CDK Entest

Introduction#

GitHub this note show getting started with distributed training on SageMaker

Basic MPI
Pytorch DataParallel and DistributedDataParallel
SageMaker DistributedDataParallel Lib
Reference papers

Basic MPI#

Run on 3 nodes x 2 process per node
Broadcass node, and receive node
Agregrate data on nodes

Let create a simple MPI (Message Passing Interface)

from mpi4py import MPI
import numpy as np
import time

comm = MPI.COMM_WORLD
size = comm.Get_size()
rank = comm.Get_rank()

if rank == 0:
    print("Number of MPI processes that will talk to each other:", size)


def point_to_point():
    """Point to point communication
    Send a numpy array (buffer like object) from rank 0 to rank 1
    """
    if rank == 0:
        print("point to point")
        data = np.array([0, 1, 2], dtype=np.intc)  # int in C

        # remember the difference between
        # Upper case API and lower case API
        # Basically uppper case API directly calls C API
        # so it is fast
        # checkout https://mpi4py.readthedocs.io/en/stable/

        comm.Send([data, MPI.INT], dest=1)
    elif rank == 1:
        print(f"Hello I am rank {rank}")
        data = np.empty(3, dtype=np.intc)
        comm.Recv([data, MPI.INT], source=0)
        print("I received some data:", data)

    if rank == 0:
        time.sleep(1)  # give some buffer time for execution to complete
        print("=" * 50)
    return


def broadcast():
    """Broadcast a numpy array from rank 0 to others"""

    if rank == 0:
        print(f"Broadcasting from rank {rank}")
        data = np.arange(10, dtype=np.intc)
    else:
        data = np.empty(10, dtype=np.intc)

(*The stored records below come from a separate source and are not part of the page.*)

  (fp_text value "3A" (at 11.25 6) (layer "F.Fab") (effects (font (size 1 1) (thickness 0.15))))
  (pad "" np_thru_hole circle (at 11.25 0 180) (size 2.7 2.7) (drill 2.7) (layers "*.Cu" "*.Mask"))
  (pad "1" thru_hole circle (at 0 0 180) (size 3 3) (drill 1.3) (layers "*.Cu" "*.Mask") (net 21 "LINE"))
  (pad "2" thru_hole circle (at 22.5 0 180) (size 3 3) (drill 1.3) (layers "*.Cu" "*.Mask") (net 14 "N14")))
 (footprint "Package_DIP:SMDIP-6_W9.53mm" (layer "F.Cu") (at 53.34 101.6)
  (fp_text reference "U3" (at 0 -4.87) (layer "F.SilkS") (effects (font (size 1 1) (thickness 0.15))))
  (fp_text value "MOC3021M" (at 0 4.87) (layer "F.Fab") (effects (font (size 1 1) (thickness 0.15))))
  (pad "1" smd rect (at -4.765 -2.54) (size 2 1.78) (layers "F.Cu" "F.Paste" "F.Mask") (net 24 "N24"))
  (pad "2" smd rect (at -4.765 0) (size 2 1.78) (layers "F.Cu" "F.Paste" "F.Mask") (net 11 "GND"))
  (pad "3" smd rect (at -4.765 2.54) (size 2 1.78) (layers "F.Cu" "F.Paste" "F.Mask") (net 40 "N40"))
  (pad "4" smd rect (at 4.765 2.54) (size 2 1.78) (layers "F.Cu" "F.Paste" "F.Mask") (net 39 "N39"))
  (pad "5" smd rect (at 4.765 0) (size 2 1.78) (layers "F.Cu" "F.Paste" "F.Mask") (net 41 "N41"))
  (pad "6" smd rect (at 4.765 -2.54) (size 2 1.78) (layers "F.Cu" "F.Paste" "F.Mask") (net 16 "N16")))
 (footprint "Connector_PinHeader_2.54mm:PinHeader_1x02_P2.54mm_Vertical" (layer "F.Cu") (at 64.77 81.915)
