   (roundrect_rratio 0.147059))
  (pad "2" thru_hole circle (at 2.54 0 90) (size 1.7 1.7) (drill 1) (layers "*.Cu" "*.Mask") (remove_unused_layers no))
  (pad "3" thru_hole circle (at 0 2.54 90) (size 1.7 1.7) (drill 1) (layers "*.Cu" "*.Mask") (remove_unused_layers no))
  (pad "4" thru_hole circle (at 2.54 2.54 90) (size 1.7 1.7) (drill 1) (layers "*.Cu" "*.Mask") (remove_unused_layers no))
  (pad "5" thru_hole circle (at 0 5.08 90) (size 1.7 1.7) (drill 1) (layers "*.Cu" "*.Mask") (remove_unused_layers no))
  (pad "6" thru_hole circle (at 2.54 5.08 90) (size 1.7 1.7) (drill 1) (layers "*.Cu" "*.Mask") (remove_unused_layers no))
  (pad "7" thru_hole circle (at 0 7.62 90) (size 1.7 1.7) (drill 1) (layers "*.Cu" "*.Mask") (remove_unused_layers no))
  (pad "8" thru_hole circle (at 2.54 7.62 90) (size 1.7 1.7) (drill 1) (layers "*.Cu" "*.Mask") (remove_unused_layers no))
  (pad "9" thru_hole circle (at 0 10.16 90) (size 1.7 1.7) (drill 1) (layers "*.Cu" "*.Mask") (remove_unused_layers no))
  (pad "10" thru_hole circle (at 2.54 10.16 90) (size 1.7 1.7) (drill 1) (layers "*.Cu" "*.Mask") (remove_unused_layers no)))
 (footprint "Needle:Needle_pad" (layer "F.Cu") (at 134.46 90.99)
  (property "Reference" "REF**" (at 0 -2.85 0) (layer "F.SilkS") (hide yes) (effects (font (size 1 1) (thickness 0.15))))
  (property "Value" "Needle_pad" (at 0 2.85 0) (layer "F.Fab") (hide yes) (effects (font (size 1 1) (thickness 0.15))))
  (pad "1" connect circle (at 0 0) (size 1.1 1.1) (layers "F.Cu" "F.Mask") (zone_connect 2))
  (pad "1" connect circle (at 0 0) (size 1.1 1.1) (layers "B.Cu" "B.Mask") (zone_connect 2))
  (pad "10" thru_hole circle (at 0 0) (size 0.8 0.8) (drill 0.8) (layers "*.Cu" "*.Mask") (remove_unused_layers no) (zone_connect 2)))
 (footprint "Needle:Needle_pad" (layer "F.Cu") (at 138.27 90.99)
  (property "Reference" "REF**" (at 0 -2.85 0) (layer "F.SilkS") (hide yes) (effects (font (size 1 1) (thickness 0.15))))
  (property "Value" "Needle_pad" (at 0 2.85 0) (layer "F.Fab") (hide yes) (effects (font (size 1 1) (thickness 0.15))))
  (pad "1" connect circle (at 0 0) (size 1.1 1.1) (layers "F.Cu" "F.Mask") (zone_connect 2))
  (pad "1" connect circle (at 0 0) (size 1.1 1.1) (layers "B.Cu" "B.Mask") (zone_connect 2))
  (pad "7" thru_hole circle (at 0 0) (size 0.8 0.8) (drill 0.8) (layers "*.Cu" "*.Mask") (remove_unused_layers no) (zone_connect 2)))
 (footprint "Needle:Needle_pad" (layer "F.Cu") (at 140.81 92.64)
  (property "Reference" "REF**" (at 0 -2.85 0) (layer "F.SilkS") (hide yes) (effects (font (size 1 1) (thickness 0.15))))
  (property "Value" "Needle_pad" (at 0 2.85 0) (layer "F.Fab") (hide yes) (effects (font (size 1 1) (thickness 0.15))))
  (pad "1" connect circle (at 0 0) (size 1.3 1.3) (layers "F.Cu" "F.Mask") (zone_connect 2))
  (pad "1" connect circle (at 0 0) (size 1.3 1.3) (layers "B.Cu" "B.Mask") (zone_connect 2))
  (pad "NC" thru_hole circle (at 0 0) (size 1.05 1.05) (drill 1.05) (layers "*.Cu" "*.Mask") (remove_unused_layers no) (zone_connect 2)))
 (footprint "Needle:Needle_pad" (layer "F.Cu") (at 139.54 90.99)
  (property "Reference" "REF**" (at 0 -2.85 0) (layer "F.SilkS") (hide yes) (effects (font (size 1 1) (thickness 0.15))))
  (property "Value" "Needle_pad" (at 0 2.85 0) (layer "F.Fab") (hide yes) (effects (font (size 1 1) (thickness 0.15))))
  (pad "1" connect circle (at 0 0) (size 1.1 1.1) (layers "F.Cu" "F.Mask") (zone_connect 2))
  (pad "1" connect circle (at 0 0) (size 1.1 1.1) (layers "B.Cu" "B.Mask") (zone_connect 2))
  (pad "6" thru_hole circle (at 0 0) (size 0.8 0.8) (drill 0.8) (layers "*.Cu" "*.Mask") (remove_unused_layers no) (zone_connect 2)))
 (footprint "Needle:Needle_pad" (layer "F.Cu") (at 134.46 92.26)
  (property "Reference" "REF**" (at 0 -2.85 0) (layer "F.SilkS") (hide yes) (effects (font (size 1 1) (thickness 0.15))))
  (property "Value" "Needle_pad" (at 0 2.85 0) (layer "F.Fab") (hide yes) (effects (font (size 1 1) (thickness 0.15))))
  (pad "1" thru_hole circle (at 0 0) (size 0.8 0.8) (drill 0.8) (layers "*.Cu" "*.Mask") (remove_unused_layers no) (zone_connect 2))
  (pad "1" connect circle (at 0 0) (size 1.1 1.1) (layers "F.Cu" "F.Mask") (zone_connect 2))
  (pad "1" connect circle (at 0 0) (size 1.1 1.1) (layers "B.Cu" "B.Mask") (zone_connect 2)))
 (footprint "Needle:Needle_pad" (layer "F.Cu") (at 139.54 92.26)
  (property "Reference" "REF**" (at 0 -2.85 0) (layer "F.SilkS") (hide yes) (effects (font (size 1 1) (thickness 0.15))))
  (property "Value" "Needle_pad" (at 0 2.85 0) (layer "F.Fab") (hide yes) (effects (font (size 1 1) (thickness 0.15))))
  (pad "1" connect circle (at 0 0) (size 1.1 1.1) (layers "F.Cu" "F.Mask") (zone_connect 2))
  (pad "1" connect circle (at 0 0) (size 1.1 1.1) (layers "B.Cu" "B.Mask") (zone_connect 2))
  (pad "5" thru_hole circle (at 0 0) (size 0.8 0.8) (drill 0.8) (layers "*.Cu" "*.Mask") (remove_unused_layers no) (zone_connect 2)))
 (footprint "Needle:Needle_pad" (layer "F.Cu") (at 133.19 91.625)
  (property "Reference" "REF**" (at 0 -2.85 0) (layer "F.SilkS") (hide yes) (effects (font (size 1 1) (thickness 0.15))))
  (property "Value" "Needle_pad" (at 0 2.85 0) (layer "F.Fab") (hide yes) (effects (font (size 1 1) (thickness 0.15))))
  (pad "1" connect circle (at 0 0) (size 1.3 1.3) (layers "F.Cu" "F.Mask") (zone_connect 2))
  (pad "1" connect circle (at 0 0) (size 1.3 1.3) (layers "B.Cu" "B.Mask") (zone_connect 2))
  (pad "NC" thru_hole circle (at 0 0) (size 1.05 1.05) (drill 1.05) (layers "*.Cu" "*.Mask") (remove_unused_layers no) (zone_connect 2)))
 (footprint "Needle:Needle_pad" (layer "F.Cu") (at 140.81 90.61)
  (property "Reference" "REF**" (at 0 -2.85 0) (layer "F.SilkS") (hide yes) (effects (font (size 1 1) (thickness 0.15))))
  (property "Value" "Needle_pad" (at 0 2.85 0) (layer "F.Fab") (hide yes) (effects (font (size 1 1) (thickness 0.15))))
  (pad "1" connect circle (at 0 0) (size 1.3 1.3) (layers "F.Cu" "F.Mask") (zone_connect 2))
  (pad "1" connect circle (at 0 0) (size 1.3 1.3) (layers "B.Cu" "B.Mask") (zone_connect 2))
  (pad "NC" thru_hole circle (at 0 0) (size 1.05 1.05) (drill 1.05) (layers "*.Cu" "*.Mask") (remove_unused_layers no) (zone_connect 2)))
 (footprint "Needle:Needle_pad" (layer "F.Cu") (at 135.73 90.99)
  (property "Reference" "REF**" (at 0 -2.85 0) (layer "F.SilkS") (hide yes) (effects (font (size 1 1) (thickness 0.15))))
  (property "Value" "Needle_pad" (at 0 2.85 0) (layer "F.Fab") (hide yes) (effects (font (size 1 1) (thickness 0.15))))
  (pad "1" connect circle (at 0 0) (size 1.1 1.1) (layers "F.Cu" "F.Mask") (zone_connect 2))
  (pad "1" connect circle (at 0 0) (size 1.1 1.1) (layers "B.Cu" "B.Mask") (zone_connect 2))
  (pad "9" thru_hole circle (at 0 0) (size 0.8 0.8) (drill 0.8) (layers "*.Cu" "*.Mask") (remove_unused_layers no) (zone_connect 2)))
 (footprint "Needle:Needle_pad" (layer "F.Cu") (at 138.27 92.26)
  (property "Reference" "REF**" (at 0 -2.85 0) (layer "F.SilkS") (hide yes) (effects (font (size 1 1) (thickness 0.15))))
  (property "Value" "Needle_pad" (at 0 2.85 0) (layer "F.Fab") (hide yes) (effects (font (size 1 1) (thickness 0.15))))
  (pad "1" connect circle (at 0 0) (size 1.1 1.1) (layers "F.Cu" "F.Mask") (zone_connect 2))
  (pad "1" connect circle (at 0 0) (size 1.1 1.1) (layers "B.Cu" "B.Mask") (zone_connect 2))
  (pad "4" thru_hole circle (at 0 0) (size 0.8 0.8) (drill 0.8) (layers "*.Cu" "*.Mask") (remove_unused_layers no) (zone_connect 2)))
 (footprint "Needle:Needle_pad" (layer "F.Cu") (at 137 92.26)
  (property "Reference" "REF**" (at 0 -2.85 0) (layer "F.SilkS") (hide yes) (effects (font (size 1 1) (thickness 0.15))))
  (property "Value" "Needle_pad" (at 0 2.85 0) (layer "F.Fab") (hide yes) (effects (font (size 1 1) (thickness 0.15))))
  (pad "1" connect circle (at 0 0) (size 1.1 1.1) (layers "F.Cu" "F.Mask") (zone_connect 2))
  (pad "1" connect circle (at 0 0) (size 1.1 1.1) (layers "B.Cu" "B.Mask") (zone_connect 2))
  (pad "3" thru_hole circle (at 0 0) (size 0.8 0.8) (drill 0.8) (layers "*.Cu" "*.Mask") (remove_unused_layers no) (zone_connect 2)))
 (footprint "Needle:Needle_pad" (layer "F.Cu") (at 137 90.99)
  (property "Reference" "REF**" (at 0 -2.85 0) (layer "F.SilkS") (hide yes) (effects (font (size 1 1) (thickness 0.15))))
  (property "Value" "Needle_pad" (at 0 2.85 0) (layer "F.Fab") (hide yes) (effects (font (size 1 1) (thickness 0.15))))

    comm.Bcast([data, MPI.INT], root=0)
    print(f"Data at rank {rank}", data)

    if rank == 0:
        time.sleep(1)
        print("=" * 50)
    return


def gather_reduce_broadcast():
    """Gather numpy arrays from all ranks to rank 0
    then take average and broadcast result to other ranks

    It is a useful operation in distributed training:
    train a model in a few MPI workers with different
    input data, then take average weights on rank 0 and
    synchroinze weights on other ranks
    """

    # stuff to gather at each rank
    sendbuf = np.zeros(10, dtype=np.intc) + rank
    recvbuf = None

    if rank == 0:
        print("Gather and reduce")
        recvbuf = np.empty([size, 10], dtype=np.intc)
    comm.Gather(sendbuf, recvbuf, root=0)

    if rank == 0:
        print(f"I am rank {rank}, data I gathered is: {recvbuf}")

        # take average
        # think of it as a prototype of
        # average weights, average gradients etc
        avg = np.mean(recvbuf, axis=0, dtype=np.float)

    else:
        # get averaged array from rank 0
        # think of it as a prototype of
        # synchronizing weights across different MPI procs
        avg = np.empty(10, dtype=np.float)

    # Note that the data type is float here
    # because we took average
    comm.Bcast([avg, MPI.FLOAT], root=0)

    print(f"I am rank {rank}, my avg is: {avg}")
    return


if __name__ == "__main__":
    point_to_point()
    broadcast()
    gather_reduce_broadcast()

Then create a SageMaker job to run it

import sagemaker
from sagemaker import get_execution_role
from sagemaker.tensorflow import TensorFlow

role = get_execution_role()

# Running 2 processes per host
# if we use 3 instances,
# then we should see 6 MPI processes

distribution = {"mpi": {"enabled": True, "processes_per_host": 2}}

tfest = TensorFlow(
    entry_point="mpi_demo.py",
    role=role,
    framework_version="2.3.0",
    distribution=distribution,
    py_version="py37",
    instance_count=3,
    instance_type="ml.c5.2xlarge",  # 8 cores
    output_path="s3://" + sagemaker.Session().default_bucket() + "/" + "mpi",
)

Pytorch Multiple CPU#

Average gradient and DistributedSampler
Setup dist.init_process_group
Wrap model in DataParallel or DistributedDataParallel

Follow this sm example and distributed training workshop example

[!NOTE]

if is_distributed and use_cuda:
        # multi-machine multi-gpu case
        model = torch.nn.parallel.DistributedDataParallel(model)
    else:
        # single-machine multi-gpu case or single-machine or multi-machine cpu case
        model = torch.nn.DataParallel(model)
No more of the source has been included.